Well right now here it is about $5 an hour gross. It's highly over-saturated. So in all honesty $9 an hour gross would almost be double the average pay. Also I dispute that you can only do up to 3 per hour. If all goes optimal you can do five per hour. I just did two near minimums today for example within a 20 minute block.

It's a secret in the taxi business that during special events the short trips can be the most profitable. You have the drop rate plus the chance of a tip. Now granted Uber has much lower rates and tips are more rare but the same principle applies somewhat. 6 trips * 3.50 = $21 plus any tips. I'd love that consistently.

It's totally different though when you are talking about having to drive 15 minutes to pick up a $3 fare. I agree completely. But given how over-saturated it is almost everywhere that should almost never happen. Uber has enough drivers in most areas where they could tell us the trip is short and they would still have no problem finding someone to pick up the riders. I know I would gladly do it all day as long as I were nearby.


----------



## CrazyFemaleDriver (Sep 25, 2016)

Shangsta said:


> The system is setup that you can avoid a 20 minute ping. Do it!


How do you do that?

I think Uber should set system so that distance to pick-up pax is never longer than pax trip will be.


----------



## Joshua Weinwurm (Nov 9, 2016)

I hate airport rides too. The passangers are always trying to rush you. No tip, ask you to do crazy things at the airport. I have gotten one tip ever. Plus ATL airport regulations are worse than the obama administration's regulations.


----------



## charmer37 (Nov 18, 2016)

That's how I operate when picking up passengers, You have to be selective because the majority of rides are minimum fare, Gas is going up and uber pay sucks and it's your car and your rules.


----------



## charmer37 (Nov 18, 2016)

CrazyFemaleDriver said:


> How do you do that?
> 
> I think Uber should set system so that distance to pick-up pax is never longer than pax trip will be.


 I agree, Uber can set just about anything, They really need to not send pings to a driver that's 15 minutes away knowing the rider only wants to go two blocks...In uber eyes everything is a secret when it comes to drivers.


----------



## Laker (Feb 4, 2017)

Mazda3 said:


> No.

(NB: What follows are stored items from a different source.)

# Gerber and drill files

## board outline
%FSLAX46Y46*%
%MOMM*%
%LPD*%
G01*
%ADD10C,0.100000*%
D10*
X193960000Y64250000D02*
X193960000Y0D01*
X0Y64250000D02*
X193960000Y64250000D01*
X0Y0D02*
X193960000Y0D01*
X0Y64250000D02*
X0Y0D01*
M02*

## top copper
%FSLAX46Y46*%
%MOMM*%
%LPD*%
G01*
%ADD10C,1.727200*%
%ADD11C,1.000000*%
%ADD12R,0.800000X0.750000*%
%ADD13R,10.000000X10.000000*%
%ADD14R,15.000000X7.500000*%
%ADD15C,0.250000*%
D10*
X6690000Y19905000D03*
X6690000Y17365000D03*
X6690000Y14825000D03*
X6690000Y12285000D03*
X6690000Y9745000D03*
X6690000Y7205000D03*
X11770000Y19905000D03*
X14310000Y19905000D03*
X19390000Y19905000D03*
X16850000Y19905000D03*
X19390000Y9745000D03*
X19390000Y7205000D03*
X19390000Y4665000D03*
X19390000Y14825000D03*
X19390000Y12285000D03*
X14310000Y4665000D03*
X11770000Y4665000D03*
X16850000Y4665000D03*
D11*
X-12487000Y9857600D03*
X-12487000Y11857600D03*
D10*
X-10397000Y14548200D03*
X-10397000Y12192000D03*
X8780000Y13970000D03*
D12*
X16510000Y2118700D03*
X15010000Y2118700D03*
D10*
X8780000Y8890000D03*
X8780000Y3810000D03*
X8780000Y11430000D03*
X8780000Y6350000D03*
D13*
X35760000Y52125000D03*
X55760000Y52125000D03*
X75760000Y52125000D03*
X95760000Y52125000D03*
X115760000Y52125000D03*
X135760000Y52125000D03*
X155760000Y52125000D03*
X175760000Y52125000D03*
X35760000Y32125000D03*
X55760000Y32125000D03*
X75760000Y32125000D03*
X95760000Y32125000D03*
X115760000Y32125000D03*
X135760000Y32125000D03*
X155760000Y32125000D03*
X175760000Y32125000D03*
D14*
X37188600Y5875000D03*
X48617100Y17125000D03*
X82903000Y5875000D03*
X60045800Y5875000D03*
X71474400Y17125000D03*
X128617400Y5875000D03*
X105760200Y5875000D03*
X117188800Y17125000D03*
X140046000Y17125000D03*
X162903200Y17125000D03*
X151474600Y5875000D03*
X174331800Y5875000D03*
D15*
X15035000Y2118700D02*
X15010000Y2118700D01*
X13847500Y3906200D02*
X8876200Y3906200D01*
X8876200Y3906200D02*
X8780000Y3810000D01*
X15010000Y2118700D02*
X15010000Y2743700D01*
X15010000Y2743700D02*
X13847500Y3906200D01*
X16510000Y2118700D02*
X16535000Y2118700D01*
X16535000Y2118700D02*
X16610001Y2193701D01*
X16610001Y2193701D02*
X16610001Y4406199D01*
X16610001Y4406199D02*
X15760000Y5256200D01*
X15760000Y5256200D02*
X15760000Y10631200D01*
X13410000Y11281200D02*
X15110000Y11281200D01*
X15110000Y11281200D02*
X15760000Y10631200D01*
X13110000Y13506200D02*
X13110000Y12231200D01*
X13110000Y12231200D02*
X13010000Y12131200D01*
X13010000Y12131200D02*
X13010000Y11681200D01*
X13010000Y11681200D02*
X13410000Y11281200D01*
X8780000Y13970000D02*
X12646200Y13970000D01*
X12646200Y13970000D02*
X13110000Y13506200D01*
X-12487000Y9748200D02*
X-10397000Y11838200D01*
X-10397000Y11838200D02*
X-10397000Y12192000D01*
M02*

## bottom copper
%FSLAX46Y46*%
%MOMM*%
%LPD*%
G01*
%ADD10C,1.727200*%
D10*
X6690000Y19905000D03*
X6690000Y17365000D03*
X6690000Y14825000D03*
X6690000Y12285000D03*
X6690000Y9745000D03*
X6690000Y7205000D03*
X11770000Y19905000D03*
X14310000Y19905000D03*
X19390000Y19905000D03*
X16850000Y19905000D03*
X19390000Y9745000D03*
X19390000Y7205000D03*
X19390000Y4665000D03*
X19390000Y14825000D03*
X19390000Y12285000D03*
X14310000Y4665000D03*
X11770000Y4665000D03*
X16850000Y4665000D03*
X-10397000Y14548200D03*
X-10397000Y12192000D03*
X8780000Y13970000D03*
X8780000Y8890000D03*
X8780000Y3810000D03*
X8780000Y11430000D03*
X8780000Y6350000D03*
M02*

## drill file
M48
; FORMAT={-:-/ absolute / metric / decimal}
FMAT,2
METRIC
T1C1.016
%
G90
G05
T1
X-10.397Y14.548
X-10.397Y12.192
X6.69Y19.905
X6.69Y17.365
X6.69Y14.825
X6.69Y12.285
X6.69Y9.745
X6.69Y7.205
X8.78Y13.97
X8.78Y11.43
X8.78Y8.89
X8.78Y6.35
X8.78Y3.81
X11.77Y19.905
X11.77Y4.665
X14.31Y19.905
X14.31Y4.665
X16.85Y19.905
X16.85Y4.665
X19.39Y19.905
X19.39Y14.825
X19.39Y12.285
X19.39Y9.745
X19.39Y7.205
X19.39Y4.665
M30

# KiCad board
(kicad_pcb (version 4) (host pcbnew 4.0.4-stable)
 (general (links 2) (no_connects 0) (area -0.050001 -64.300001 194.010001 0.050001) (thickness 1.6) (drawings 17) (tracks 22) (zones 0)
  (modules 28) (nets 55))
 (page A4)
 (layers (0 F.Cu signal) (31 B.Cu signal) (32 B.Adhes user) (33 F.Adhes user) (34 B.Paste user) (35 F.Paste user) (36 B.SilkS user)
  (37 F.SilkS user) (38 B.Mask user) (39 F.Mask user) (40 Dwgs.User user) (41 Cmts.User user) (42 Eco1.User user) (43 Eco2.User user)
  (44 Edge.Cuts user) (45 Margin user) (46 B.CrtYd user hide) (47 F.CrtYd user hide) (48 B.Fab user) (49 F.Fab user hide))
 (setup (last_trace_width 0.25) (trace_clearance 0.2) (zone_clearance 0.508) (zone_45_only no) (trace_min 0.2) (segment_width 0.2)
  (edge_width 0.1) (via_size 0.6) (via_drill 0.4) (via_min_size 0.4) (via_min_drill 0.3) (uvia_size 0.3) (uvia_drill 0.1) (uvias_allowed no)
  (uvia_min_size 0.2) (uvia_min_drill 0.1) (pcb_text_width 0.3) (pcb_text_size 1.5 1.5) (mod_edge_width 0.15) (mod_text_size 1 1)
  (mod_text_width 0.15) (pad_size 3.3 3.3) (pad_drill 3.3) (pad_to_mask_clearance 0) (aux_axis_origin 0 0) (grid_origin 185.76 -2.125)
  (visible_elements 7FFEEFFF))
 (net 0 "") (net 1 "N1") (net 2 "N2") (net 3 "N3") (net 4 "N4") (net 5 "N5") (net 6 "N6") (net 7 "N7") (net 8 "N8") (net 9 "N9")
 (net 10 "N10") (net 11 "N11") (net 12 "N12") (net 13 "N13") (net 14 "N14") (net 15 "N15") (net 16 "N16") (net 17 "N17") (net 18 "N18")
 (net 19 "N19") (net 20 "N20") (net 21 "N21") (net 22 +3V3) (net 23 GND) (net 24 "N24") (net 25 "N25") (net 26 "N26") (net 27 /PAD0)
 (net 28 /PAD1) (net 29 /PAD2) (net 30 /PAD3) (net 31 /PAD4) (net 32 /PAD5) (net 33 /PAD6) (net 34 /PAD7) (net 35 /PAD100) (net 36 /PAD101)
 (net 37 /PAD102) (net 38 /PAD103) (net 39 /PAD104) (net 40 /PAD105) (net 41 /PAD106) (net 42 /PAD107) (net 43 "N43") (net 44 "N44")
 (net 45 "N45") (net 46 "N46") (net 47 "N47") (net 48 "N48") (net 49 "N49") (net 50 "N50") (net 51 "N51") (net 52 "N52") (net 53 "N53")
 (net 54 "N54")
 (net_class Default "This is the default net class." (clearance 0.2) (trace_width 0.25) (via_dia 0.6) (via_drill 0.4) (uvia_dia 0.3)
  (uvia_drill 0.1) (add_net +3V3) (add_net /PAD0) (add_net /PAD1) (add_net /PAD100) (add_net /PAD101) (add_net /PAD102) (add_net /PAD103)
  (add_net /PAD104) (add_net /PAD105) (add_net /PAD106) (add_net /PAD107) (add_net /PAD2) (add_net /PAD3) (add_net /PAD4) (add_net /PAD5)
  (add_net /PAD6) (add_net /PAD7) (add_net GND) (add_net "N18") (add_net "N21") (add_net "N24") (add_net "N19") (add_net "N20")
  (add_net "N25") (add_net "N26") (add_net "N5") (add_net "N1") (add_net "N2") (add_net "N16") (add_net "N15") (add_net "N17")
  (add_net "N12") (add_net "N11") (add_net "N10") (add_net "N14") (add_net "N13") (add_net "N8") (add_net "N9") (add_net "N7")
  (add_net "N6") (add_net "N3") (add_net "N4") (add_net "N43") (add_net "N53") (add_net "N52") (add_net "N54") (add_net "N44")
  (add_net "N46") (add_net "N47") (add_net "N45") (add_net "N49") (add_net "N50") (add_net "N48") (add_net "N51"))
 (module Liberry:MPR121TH (layer F.Cu) (at 6.69 -19.905)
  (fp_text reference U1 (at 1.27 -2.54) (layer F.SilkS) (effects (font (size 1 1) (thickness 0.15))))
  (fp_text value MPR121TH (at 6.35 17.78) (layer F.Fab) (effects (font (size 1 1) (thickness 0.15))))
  (pad +3V3 thru_hole circle (at 0 0) (size 1.7272 1.7272) (drill 1.016) (layers *.Cu *.Mask))
  (pad GND thru_hole circle (at 0 2.54) (size 1.7272 1.7272) (drill 1.016) (layers *.Cu *.Mask) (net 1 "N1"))
  (pad IRQ thru_hole circle (at 0 5.08) (size 1.7272 1.7272) (drill 1.016) (layers *.Cu *.Mask) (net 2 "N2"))
  (pad SCL thru_hole circle (at 0 7.62) (size 1.7272 1.7272) (drill 1.016) (layers *.Cu *.Mask) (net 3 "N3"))
  (pad SDA thru_hole circle (at 0 10.16) (size 1.7272 1.7272) (drill 1.016) (layers *.Cu *.Mask) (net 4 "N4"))
  (pad ADDR thru_hole circle (at 0 12.7) (size 1.7272 1.7272) (drill 1.016) (layers *.Cu *.Mask) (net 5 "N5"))
  (pad P11 thru_hole circle (at 5.08 0) (size 1.7272 1.7272) (drill 1.016) (layers *.Cu *.Mask) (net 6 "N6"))
  (pad P10 thru_hole circle (at 7.62 0) (size 1.7272 1.7272) (drill 1.016) (layers *.Cu *.Mask) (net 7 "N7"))
  (pad P08 thru_hole circle (at 12.7 0) (size 1.7272 1.7272) (drill 1.016) (layers *.Cu *.Mask) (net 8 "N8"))
  (pad P09 thru_hole circle (at 10.16 0) (size 1.7272 1.7272) (drill 1.016) (layers *.Cu *.Mask) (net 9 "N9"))
  (pad P05 thru_hole circle (at 12.7 10.16) (size 1.7272 1.7272) (drill 1.016) (layers *.Cu *.Mask) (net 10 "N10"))
  (pad P04 thru_hole circle (at 12.7 12.7) (size 1.7272 1.7272) (drill 1.016) (layers *.Cu *.Mask) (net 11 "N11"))
  (pad P03 thru_hole circle (at 12.7 15.24) (size 1.7272 1.7272) (drill 1.016) (layers *.Cu *.Mask) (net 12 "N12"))
  (pad P07 thru_hole circle (at 12.7 5.08) (size 1.7272 1.7272) (drill 1.016) (layers *.Cu *.Mask) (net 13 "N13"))
  (pad P06 thru_hole circle (at 12.7 7.62) (size 1.7272 1.7272) (drill 1.016) (layers *.Cu *.Mask) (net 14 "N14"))
  (pad P01 thru_hole circle (at 7.62 15.24) (size 1.7272 1.7272) (drill 1.016) (layers *.Cu *.Mask) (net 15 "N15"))
  (pad P00 thru_hole circle (at 5.08 15.24) (size 1.7272 1.7272) (drill 1.016) (layers *.Cu *.Mask) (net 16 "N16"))
  (pad P02 thru_hole circle (at 10.16 15.24) (size 1.7272 1.7272) (drill 1.016) (layers *.Cu *.Mask) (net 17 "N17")))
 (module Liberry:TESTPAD (layer F.Cu) (at -12.487 -9.8576)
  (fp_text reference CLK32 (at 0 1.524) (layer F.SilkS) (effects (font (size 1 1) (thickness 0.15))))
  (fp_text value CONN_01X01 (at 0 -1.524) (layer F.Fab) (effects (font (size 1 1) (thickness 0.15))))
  (pad 1 smd circle (at 0 0 270) (size 1 1) (layers F.Cu F.Paste F.Mask) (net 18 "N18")))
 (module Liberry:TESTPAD (layer F.Cu) (at -12.487 -11.8576)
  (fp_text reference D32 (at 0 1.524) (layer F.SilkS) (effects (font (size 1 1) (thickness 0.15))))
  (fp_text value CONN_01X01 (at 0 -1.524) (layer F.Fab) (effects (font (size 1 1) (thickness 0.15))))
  (pad 1 smd circle (at 0 0 270) (size 1 1) (layers F.Cu F.Paste F.Mask) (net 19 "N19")))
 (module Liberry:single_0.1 (layer F.Cu) (at -10.397 -14.5482)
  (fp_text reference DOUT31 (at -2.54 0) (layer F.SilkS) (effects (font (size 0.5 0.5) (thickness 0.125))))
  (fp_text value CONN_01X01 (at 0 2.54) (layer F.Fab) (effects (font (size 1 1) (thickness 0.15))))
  (pad 1 thru_hole circle (at 0 0) (size 1.7272 1.7272) (drill 1.016) (layers *.Cu *.Mask) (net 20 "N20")))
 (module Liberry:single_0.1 (layer F.Cu) (at -10.397 -12.192)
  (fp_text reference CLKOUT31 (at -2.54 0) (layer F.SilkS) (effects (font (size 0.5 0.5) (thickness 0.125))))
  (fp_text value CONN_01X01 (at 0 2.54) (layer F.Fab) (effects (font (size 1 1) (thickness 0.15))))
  (pad 1 thru_hole circle (at 0 0) (size 1.7272 1.7272) (drill 1.016) (layers *.Cu *.Mask) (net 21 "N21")))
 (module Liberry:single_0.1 (layer F.Cu) (at 8.78 -13.97)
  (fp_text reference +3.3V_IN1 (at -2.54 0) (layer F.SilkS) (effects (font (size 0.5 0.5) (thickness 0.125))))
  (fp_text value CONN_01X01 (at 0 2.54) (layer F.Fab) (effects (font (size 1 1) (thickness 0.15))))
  (pad 1 thru_hole circle (at 0 0) (size 1.7272 1.7272) (drill 1.016) (layers *.Cu *.Mask) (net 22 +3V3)))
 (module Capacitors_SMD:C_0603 (layer F.Cu) (at 15.76 -2.1187 180)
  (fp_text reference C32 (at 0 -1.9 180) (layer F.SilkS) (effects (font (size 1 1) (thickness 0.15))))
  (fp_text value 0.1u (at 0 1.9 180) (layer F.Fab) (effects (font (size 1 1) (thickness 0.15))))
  (pad 1 smd rect (at -0.75 0 180) (size 0.8 0.75) (layers F.Cu F.Paste F.Mask) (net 22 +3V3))
  (pad 2 smd rect (at 0.75 0 180) (size 0.8 0.75) (layers F.Cu F.Paste F.Mask) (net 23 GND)))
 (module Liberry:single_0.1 (layer F.Cu) (at 8.78 -8.89)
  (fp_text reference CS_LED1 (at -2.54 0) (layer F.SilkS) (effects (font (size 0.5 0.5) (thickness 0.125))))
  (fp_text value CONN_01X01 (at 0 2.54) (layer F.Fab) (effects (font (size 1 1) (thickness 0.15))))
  (pad 1 thru_hole circle (at 0 0) (size 1.7272 1.7272) (drill 1.016) (layers *.Cu *.Mask) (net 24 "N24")))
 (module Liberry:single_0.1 (layer F.Cu) (at 8.78 -3.81)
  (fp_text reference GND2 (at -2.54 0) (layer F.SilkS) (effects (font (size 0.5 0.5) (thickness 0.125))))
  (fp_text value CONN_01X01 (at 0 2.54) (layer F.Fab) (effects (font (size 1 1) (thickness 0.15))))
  (pad 1 thru_hole circle (at 0 0) (size 1.7272 1.7272) (drill 1.016) (layers *.Cu *.Mask) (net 23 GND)))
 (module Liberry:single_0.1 (layer F.Cu) (at 8.78 -11.43)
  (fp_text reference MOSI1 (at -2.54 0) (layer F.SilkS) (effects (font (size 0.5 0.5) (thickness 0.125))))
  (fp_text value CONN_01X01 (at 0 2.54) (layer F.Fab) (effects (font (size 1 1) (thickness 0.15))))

You can't see where the pax is going before you start the ride. This prevents cherry picking rides and stops drivers from picking up people 20 minutes away if they're just going down the block.
> 
> We all wish we could see that info but it will never happen. And to put myself in Uber's shoes, I wouldn't let us that info either.


^^^^^
Why would you put yourself in uber shoes?

That's why corporate America always wins. Poor man's empathy with the day guys.

Strike people . Organise. One day that's all it would take.

Organise!!

If you ever had a complaint about your working conditions and didn't challenge, it's the same as being a migrant worker.

1 day! ORGANIZE!!


----------



## Shangsta (Aug 15, 2016)

Interesting philsophy you have, some pax refuse to cancel so I am not sure that is the way to go.


----------



## Shangsta (Aug 15, 2016)

CrazyFemaleDriver said:


> How do you do that?
> 
> I think Uber should set system so that distance to pick-up pax is never longer than pax trip will be.


Don't accept it!!! Lol


----------



## Lwill21 (Oct 31, 2016)

forqalso said:


> How does not knowing the destination stop drivers from driving twenty minutes to the pin?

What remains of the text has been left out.